§ **Exercise prompt**:
If a line in the data below holds the word "CrtYd", copy it.

*** Opening of Data supplied ***

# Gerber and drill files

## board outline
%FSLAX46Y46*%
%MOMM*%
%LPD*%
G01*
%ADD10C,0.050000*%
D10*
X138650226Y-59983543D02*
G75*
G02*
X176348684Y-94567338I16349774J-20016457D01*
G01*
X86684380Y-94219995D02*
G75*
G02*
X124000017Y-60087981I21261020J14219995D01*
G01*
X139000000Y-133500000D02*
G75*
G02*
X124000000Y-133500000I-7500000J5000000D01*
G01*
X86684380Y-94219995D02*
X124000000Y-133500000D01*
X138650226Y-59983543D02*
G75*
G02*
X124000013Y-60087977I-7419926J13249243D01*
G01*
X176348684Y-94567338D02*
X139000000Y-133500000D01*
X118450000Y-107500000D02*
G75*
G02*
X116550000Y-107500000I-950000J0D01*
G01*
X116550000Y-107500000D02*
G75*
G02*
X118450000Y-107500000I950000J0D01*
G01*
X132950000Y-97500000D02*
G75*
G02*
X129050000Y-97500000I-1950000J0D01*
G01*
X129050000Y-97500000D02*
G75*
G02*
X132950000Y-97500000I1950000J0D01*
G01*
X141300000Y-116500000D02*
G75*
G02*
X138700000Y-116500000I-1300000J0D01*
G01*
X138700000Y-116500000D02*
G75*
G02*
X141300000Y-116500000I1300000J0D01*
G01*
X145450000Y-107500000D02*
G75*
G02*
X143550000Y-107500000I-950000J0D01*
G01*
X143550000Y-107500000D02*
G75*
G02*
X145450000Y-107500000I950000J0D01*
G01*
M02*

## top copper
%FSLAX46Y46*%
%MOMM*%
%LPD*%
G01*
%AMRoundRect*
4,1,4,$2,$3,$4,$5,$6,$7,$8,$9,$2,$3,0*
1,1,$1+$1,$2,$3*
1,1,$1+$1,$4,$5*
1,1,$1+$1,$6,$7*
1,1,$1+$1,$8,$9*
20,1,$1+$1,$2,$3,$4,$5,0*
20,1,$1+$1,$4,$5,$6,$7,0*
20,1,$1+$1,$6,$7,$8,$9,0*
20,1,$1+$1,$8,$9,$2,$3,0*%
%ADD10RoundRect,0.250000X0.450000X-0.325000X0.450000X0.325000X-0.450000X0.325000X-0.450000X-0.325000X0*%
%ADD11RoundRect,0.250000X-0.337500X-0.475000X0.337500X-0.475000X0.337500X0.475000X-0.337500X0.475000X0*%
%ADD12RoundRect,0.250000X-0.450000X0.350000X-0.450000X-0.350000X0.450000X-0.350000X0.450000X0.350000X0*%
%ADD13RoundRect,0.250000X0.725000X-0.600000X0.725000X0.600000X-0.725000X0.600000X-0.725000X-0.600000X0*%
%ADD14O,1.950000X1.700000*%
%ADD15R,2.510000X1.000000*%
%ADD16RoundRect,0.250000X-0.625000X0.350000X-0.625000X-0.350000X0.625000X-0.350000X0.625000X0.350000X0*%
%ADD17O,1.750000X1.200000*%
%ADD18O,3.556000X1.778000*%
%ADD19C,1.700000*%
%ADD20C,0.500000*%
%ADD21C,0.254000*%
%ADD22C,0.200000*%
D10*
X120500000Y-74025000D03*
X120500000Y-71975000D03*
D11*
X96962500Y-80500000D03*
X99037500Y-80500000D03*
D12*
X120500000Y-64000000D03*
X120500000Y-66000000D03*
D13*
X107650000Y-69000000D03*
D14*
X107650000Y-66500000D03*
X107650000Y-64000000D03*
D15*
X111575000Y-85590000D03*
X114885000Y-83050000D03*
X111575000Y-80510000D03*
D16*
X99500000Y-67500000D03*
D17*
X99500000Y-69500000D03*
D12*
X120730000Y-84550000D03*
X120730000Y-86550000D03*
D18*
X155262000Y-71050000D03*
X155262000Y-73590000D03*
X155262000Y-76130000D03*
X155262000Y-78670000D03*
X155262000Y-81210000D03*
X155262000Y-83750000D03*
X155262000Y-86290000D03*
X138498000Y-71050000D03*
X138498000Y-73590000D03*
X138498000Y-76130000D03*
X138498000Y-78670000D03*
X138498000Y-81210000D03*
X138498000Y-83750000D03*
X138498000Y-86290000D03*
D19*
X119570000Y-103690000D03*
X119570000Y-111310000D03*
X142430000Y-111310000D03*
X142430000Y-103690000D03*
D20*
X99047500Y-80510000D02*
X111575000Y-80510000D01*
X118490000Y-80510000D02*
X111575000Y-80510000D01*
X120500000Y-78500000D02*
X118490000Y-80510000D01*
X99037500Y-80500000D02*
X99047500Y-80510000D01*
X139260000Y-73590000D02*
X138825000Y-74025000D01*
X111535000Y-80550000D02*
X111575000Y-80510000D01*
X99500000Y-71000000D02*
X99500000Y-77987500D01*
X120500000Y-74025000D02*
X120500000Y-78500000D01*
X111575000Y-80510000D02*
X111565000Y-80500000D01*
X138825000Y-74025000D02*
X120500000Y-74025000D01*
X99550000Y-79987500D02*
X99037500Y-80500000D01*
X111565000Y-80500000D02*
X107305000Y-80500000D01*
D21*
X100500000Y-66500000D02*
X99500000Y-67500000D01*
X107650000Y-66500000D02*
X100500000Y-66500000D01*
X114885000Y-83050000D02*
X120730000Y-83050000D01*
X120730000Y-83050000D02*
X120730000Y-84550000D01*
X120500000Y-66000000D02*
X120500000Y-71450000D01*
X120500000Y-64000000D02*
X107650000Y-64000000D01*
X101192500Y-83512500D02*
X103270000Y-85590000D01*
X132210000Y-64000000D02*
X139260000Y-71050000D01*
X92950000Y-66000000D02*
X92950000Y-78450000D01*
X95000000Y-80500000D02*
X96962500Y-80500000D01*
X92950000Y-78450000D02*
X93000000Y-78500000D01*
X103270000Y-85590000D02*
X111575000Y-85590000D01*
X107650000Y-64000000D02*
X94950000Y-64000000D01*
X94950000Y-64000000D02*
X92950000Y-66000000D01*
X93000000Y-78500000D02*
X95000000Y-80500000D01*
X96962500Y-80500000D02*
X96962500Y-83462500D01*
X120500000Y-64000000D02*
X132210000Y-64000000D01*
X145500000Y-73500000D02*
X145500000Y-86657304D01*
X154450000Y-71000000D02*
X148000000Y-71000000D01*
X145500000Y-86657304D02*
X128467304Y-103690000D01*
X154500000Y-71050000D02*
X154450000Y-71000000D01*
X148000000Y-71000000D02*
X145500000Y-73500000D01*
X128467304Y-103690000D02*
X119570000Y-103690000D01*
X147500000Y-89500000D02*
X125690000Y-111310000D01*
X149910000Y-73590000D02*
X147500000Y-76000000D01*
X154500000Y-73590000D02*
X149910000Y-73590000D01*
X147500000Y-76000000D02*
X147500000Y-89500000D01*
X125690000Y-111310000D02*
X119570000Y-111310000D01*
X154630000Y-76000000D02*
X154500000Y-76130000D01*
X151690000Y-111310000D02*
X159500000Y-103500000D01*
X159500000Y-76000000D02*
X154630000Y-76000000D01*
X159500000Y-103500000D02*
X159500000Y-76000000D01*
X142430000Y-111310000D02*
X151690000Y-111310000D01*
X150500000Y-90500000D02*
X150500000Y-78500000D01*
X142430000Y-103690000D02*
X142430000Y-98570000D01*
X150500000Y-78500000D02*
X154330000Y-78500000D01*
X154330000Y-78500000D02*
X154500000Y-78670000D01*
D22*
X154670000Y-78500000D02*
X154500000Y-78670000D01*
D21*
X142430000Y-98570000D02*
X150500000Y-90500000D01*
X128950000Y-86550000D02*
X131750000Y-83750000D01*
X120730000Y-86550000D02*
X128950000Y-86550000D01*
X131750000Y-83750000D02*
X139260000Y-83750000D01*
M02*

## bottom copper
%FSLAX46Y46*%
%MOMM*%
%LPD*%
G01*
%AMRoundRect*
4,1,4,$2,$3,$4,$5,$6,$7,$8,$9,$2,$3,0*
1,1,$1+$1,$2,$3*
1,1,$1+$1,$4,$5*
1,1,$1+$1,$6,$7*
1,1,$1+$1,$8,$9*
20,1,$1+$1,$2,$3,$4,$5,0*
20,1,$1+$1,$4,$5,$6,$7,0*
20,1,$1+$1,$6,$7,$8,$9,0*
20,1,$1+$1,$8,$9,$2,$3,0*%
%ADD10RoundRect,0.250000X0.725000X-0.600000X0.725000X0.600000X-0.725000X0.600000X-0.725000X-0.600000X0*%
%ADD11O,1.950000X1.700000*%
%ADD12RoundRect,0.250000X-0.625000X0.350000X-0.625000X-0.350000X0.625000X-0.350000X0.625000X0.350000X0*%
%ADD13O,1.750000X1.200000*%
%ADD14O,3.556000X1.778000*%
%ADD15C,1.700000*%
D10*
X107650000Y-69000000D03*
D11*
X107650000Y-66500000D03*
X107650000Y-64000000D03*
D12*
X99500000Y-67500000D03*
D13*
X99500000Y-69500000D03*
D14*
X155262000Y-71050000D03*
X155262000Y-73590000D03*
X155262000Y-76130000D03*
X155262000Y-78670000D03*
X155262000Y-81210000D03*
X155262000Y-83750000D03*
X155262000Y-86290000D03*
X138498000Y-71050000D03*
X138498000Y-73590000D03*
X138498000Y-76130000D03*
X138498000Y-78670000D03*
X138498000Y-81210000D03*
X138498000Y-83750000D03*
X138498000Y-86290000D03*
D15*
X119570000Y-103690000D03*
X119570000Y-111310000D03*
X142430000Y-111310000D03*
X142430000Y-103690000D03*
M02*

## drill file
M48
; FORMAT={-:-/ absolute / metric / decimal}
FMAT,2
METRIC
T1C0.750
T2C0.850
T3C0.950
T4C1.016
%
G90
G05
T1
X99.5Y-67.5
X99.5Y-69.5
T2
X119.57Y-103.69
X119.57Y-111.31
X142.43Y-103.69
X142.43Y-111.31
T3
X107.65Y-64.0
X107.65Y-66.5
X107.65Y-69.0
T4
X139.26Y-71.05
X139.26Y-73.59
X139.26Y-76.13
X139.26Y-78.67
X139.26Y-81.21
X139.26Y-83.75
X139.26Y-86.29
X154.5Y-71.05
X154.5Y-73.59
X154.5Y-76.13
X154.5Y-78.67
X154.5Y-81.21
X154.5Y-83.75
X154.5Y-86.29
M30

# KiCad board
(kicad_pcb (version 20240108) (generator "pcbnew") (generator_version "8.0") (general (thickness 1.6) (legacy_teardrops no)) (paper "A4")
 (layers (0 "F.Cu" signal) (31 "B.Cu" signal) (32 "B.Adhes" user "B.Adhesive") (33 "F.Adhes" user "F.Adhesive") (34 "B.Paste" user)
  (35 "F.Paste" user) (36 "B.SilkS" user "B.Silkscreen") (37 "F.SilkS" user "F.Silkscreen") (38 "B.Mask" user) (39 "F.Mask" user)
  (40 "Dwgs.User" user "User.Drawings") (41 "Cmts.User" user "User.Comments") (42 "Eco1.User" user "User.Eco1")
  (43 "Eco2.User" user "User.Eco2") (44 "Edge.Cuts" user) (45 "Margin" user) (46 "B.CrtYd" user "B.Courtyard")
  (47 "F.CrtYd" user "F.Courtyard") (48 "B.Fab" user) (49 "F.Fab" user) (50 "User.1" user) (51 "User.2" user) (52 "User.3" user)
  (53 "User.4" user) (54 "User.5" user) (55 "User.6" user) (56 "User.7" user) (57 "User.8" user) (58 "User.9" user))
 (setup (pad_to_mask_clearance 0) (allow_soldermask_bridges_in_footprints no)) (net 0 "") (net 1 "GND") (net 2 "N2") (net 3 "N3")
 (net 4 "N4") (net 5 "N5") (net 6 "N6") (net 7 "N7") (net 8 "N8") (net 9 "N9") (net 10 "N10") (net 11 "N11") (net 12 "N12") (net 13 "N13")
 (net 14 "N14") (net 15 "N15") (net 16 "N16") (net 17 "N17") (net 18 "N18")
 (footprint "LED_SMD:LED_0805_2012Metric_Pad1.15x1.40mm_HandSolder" (layer "F.Cu") (at 120.5 73 90)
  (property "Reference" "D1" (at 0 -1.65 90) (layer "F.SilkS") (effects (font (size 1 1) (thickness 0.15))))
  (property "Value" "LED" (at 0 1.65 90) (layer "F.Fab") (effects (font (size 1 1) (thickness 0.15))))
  (pad "1" smd roundrect (at -1.025 0 90) (size 1.15 1.4) (layers "F.Cu" "F.Paste" "F.Mask") (roundrect_rratio 0.217391) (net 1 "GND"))
  (pad "2" smd roundrect (at 1.025 0 90) (size 1.15 1.4) (layers "F.Cu" "F.Paste" "F.Mask") (roundrect_rratio 0.217391) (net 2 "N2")))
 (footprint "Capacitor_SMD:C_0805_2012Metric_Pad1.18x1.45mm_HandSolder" (layer "F.Cu") (at 98 80.5)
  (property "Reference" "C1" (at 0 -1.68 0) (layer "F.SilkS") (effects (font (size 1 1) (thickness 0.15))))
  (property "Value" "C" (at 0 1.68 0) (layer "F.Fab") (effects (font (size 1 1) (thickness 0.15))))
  (pad "1" smd roundrect (at -1.0375 0) (size 1.175 1.45) (layers "F.Cu" "F.Paste" "F.Mask") (roundrect_rratio 0.212766) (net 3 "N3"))
  (pad "2" smd roundrect (at 1.0375 0) (size 1.175 1.45) (layers "F.Cu" "F.Paste" "F.Mask") (roundrect_rratio 0.212766) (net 1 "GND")))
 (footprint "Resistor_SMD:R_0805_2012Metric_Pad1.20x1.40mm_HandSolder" (layer "F.Cu") (at 120.5 65 -90)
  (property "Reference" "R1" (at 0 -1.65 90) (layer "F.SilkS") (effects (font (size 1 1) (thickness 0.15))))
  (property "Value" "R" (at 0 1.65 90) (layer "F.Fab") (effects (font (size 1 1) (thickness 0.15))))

*** Close of Data supplied ***

§ **Solved problem**:
  (43 "Eco2.User" user "User.Eco2") (44 "Edge.Cuts" user) (45 "Margin" user) (46 "B.CrtYd" user "B.Courtyard")
  (47 "F.CrtYd" user "F.Courtyard") (48 "B.Fab" user) (49 "F.Fab" user) (50 "User.1" user) (51 "User.2" user) (52 "User.3" user)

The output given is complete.